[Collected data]
□ □ □ □ □

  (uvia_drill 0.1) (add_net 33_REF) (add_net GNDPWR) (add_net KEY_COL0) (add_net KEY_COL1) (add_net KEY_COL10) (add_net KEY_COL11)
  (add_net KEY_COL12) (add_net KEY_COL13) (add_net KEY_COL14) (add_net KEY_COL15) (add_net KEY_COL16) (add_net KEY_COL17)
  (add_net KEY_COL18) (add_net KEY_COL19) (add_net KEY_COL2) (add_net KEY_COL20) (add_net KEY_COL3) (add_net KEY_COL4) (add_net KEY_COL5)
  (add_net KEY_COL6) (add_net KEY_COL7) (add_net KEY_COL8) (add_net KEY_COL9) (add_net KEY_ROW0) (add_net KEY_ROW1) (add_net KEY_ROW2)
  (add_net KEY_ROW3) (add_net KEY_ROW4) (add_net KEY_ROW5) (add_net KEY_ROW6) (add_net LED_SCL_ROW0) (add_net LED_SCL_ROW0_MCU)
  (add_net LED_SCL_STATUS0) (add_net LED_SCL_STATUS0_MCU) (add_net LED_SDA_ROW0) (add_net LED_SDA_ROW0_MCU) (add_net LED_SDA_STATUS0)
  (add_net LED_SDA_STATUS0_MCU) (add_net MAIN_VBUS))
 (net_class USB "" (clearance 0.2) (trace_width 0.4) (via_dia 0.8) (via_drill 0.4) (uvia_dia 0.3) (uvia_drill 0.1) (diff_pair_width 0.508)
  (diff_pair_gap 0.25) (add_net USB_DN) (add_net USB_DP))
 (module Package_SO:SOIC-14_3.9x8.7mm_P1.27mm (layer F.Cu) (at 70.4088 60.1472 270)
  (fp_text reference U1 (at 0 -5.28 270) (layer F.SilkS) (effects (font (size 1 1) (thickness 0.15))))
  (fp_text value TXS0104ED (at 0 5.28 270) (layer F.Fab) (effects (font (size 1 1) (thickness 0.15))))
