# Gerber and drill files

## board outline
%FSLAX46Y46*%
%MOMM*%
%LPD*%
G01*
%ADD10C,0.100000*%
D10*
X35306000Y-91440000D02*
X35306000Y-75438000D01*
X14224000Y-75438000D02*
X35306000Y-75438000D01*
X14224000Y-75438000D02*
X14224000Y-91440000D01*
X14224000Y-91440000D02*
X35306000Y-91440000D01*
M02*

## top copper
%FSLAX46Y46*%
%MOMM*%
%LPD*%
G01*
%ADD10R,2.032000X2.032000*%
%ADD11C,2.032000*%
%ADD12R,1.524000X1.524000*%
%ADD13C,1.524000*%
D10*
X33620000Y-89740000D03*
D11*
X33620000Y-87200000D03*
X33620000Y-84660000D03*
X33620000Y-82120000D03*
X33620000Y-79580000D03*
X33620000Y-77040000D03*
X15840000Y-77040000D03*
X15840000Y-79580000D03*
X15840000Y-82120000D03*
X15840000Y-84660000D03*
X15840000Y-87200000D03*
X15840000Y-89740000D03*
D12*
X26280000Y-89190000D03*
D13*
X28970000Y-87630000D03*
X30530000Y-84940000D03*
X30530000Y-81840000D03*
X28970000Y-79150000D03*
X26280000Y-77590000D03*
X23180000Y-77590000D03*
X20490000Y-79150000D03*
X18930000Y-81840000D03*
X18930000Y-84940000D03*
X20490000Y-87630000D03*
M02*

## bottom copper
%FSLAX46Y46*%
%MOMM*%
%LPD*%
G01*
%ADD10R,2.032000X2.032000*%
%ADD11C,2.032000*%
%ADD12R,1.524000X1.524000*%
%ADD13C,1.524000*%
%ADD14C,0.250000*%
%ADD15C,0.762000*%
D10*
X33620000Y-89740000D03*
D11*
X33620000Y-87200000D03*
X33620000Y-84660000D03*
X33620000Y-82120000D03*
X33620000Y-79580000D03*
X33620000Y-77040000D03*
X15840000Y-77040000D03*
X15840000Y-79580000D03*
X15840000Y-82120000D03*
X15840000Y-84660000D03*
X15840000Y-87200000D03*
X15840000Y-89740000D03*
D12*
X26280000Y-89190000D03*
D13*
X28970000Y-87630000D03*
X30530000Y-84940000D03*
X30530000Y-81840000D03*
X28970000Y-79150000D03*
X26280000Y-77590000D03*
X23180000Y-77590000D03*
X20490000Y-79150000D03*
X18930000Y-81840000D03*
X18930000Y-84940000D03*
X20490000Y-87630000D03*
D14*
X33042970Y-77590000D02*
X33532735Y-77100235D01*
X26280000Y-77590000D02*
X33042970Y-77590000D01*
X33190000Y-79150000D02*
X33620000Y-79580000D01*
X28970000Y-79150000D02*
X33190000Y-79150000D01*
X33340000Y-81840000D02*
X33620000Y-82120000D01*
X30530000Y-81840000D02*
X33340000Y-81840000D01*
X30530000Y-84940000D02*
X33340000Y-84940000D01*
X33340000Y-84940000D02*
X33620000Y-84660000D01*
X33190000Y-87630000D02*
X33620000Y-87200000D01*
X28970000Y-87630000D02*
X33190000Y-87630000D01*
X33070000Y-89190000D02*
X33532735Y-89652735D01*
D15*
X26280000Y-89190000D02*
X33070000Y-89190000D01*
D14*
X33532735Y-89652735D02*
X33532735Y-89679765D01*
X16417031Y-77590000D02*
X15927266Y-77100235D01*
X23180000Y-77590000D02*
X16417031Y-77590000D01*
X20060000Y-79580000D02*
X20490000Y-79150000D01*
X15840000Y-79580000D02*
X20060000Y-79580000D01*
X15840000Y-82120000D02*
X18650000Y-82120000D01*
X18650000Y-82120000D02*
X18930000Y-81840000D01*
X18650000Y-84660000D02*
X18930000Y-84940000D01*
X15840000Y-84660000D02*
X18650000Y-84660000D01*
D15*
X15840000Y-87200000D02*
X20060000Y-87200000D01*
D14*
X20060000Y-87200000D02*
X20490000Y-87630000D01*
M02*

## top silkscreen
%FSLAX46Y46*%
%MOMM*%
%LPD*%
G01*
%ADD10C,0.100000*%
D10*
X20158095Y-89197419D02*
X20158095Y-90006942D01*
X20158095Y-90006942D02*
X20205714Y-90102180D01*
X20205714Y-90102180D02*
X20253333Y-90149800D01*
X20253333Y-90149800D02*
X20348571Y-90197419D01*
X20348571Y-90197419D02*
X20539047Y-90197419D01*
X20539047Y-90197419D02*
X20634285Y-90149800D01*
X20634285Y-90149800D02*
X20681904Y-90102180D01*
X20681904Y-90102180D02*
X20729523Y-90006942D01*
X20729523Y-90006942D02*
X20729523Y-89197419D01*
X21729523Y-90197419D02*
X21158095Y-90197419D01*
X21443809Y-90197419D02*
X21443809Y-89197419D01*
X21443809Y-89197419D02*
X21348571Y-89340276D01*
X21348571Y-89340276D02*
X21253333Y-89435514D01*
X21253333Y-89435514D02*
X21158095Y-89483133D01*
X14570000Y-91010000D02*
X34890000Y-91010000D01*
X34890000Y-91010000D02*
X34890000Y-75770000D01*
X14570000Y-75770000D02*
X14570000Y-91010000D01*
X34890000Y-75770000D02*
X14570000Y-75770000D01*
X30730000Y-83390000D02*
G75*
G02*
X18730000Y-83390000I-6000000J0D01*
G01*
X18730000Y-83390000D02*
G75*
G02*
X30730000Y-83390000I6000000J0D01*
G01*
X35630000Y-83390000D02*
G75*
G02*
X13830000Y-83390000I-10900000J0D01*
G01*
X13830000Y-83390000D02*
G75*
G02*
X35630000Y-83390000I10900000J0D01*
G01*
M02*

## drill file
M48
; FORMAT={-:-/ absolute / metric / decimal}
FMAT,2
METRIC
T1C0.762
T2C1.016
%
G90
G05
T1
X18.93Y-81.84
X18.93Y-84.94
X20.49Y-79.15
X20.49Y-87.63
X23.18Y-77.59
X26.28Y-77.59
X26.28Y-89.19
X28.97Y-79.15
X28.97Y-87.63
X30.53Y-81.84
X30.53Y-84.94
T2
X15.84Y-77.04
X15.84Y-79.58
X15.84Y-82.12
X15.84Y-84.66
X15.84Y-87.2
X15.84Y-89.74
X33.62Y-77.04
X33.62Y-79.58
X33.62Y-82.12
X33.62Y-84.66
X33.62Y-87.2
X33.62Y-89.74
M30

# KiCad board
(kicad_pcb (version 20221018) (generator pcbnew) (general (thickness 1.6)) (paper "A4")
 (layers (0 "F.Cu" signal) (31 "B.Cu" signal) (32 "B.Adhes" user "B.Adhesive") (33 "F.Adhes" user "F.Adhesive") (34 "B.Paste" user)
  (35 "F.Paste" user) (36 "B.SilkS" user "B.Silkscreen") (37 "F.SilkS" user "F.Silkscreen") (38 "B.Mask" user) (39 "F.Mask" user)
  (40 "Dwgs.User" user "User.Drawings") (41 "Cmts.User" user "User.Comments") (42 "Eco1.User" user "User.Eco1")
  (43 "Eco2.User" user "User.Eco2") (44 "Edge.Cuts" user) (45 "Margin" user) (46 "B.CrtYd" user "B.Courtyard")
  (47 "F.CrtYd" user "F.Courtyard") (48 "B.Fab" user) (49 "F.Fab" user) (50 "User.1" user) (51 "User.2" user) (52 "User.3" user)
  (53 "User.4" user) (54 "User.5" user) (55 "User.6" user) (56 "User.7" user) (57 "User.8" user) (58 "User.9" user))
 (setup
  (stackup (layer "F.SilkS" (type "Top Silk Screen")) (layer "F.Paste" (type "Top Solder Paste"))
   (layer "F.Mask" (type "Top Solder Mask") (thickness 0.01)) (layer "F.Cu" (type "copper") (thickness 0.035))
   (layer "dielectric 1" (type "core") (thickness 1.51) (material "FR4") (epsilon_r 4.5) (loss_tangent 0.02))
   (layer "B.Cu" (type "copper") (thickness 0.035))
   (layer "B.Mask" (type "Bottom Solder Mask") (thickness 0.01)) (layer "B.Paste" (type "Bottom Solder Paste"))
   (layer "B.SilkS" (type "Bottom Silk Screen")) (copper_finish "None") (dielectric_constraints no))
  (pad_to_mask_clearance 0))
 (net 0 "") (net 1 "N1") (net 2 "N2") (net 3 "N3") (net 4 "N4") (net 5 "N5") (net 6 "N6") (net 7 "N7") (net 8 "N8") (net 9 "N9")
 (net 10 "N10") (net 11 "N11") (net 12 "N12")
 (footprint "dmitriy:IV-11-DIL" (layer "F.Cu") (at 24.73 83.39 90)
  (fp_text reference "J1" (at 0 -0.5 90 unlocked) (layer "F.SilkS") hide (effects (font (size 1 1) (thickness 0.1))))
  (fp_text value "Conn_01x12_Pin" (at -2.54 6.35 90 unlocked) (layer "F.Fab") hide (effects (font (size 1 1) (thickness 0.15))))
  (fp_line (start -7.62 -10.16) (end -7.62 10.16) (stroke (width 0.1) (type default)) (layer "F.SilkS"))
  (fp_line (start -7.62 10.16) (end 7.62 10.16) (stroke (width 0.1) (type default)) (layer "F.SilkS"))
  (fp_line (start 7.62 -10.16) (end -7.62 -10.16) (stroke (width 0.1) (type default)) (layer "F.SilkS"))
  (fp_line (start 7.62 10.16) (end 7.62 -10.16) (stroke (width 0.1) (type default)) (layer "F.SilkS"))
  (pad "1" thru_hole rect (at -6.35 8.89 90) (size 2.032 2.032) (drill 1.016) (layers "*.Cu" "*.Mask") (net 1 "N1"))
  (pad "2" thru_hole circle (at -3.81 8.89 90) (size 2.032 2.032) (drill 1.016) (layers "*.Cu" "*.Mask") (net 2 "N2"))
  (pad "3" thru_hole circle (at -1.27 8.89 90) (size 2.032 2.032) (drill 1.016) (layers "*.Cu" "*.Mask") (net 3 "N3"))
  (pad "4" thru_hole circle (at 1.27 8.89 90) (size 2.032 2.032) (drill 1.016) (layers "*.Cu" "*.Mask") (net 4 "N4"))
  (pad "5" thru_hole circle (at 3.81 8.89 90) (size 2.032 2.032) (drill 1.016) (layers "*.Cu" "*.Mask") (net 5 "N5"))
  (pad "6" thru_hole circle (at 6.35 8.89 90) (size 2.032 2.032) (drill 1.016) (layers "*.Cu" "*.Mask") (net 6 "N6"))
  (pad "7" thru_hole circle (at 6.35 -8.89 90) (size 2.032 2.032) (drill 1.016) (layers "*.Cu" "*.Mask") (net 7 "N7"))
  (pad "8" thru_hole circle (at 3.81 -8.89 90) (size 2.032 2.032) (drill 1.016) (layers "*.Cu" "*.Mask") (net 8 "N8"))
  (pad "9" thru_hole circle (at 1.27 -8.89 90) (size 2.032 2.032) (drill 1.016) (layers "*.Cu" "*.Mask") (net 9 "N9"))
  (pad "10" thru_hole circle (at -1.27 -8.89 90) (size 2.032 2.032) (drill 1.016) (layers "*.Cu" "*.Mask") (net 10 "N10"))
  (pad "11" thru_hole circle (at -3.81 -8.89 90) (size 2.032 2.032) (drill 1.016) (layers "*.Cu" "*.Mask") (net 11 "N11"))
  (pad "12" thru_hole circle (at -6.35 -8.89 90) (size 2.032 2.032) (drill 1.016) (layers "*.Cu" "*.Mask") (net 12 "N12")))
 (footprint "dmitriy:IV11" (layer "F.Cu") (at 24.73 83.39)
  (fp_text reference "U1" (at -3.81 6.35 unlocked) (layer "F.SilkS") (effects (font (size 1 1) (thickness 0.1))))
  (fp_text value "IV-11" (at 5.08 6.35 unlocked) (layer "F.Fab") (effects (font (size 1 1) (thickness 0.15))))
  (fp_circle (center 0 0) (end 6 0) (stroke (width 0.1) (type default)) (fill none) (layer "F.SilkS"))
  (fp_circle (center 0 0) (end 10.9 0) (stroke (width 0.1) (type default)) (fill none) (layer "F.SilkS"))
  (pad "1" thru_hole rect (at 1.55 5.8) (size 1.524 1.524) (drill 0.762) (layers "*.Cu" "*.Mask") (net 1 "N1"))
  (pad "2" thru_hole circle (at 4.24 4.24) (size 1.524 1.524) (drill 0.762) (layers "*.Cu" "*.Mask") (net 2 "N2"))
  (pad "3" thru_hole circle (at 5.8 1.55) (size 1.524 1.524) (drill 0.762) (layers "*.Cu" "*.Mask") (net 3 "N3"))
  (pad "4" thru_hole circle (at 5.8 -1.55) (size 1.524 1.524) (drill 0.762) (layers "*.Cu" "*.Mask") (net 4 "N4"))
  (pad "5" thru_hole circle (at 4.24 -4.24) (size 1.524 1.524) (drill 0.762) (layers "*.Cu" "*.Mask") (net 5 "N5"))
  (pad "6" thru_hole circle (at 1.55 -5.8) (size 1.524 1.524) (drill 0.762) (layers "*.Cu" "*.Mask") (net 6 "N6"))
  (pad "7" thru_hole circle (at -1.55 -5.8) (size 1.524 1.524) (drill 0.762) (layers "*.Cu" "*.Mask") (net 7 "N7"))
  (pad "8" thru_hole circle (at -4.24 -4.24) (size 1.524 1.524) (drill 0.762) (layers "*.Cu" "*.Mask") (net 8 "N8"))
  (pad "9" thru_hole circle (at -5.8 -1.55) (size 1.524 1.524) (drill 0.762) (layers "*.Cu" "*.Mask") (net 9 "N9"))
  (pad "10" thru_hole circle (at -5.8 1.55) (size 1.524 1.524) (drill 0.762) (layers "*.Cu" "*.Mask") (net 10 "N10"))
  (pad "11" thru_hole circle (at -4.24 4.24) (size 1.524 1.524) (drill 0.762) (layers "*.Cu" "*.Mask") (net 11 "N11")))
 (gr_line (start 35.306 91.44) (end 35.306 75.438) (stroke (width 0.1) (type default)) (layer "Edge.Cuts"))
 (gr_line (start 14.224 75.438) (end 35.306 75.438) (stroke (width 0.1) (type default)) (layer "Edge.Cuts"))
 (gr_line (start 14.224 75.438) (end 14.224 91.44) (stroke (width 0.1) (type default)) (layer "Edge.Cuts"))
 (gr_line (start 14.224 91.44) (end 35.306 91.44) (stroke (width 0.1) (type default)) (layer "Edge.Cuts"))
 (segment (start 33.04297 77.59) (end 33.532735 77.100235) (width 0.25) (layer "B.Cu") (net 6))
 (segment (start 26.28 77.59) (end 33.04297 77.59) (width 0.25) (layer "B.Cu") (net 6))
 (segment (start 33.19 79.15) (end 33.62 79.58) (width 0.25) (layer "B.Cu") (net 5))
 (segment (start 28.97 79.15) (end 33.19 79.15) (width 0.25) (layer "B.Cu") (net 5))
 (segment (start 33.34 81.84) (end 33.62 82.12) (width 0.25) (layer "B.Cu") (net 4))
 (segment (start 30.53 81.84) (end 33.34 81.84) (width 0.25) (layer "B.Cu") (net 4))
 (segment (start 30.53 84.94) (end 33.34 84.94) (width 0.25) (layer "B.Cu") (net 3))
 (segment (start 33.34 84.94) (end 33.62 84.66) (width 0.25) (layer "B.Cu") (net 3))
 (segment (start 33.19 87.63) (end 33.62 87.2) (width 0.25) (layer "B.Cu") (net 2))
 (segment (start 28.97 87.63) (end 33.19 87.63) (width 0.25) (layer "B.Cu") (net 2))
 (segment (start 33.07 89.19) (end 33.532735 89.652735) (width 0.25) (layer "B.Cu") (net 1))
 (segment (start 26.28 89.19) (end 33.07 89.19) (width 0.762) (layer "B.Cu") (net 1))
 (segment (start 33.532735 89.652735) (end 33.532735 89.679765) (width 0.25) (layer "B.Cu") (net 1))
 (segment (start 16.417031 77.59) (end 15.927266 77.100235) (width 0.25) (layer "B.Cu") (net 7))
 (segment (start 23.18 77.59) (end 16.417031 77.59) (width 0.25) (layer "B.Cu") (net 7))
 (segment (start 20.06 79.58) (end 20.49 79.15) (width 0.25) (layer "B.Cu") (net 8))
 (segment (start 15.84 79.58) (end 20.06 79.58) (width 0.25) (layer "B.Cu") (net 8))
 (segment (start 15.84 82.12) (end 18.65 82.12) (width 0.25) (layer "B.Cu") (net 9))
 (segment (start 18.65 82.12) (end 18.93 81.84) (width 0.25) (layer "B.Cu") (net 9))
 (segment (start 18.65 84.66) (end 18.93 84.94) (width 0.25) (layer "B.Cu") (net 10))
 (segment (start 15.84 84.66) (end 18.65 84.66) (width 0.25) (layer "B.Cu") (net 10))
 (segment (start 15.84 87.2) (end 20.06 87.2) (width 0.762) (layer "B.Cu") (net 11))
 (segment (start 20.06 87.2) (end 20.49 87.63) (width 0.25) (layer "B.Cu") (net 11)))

□ □ □ □ □

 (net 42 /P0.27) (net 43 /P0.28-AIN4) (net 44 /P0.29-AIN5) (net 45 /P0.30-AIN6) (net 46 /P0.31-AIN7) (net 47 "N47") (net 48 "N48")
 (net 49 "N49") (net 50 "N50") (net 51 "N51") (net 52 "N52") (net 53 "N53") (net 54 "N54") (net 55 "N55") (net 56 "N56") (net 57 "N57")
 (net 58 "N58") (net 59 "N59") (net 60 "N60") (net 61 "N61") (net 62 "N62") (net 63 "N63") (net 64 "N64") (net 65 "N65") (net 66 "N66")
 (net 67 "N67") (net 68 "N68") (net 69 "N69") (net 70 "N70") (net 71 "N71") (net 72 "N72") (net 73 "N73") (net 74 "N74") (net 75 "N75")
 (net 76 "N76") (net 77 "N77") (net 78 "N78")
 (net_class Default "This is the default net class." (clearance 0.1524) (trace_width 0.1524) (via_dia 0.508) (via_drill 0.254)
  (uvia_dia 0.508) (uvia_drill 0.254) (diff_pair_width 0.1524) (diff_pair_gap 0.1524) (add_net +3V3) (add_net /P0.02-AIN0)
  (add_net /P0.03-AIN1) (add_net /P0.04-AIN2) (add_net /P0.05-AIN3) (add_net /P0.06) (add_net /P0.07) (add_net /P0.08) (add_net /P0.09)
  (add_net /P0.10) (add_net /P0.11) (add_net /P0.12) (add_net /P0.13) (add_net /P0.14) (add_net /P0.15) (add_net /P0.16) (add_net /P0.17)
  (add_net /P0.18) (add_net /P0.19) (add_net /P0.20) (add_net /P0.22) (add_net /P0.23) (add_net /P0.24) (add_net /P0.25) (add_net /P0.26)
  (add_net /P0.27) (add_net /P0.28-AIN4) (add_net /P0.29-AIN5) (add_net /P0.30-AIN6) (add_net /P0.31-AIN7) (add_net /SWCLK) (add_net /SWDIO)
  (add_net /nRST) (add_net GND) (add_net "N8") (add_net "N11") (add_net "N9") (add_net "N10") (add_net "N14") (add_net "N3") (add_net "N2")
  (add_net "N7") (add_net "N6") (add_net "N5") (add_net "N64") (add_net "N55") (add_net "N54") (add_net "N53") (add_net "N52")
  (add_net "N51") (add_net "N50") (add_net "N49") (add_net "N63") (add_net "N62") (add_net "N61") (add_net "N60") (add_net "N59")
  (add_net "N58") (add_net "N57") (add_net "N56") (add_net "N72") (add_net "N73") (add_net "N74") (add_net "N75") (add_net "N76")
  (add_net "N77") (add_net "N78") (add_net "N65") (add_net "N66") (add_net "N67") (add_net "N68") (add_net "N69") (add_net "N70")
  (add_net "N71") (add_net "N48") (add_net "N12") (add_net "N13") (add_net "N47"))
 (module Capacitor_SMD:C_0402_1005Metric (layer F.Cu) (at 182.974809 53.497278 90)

□ □ □ □ □

- Aim of the task:
Scan the entries for lines holding the string "reference", then copy every one of them.

- Exercise result:
  (fp_text reference U1 (at 0 -5.28 270) (layer F.SilkS) (effects (font (size 1 1) (thickness 0.15))))
  (fp_text reference "J1" (at 0 -0.5 90 unlocked) (layer "F.SilkS") hide (effects (font (size 1 1) (thickness 0.1))))
  (fp_text reference "U1" (at -3.81 6.35 unlocked) (layer "F.SilkS") (effects (font (size 1 1) (thickness 0.1))))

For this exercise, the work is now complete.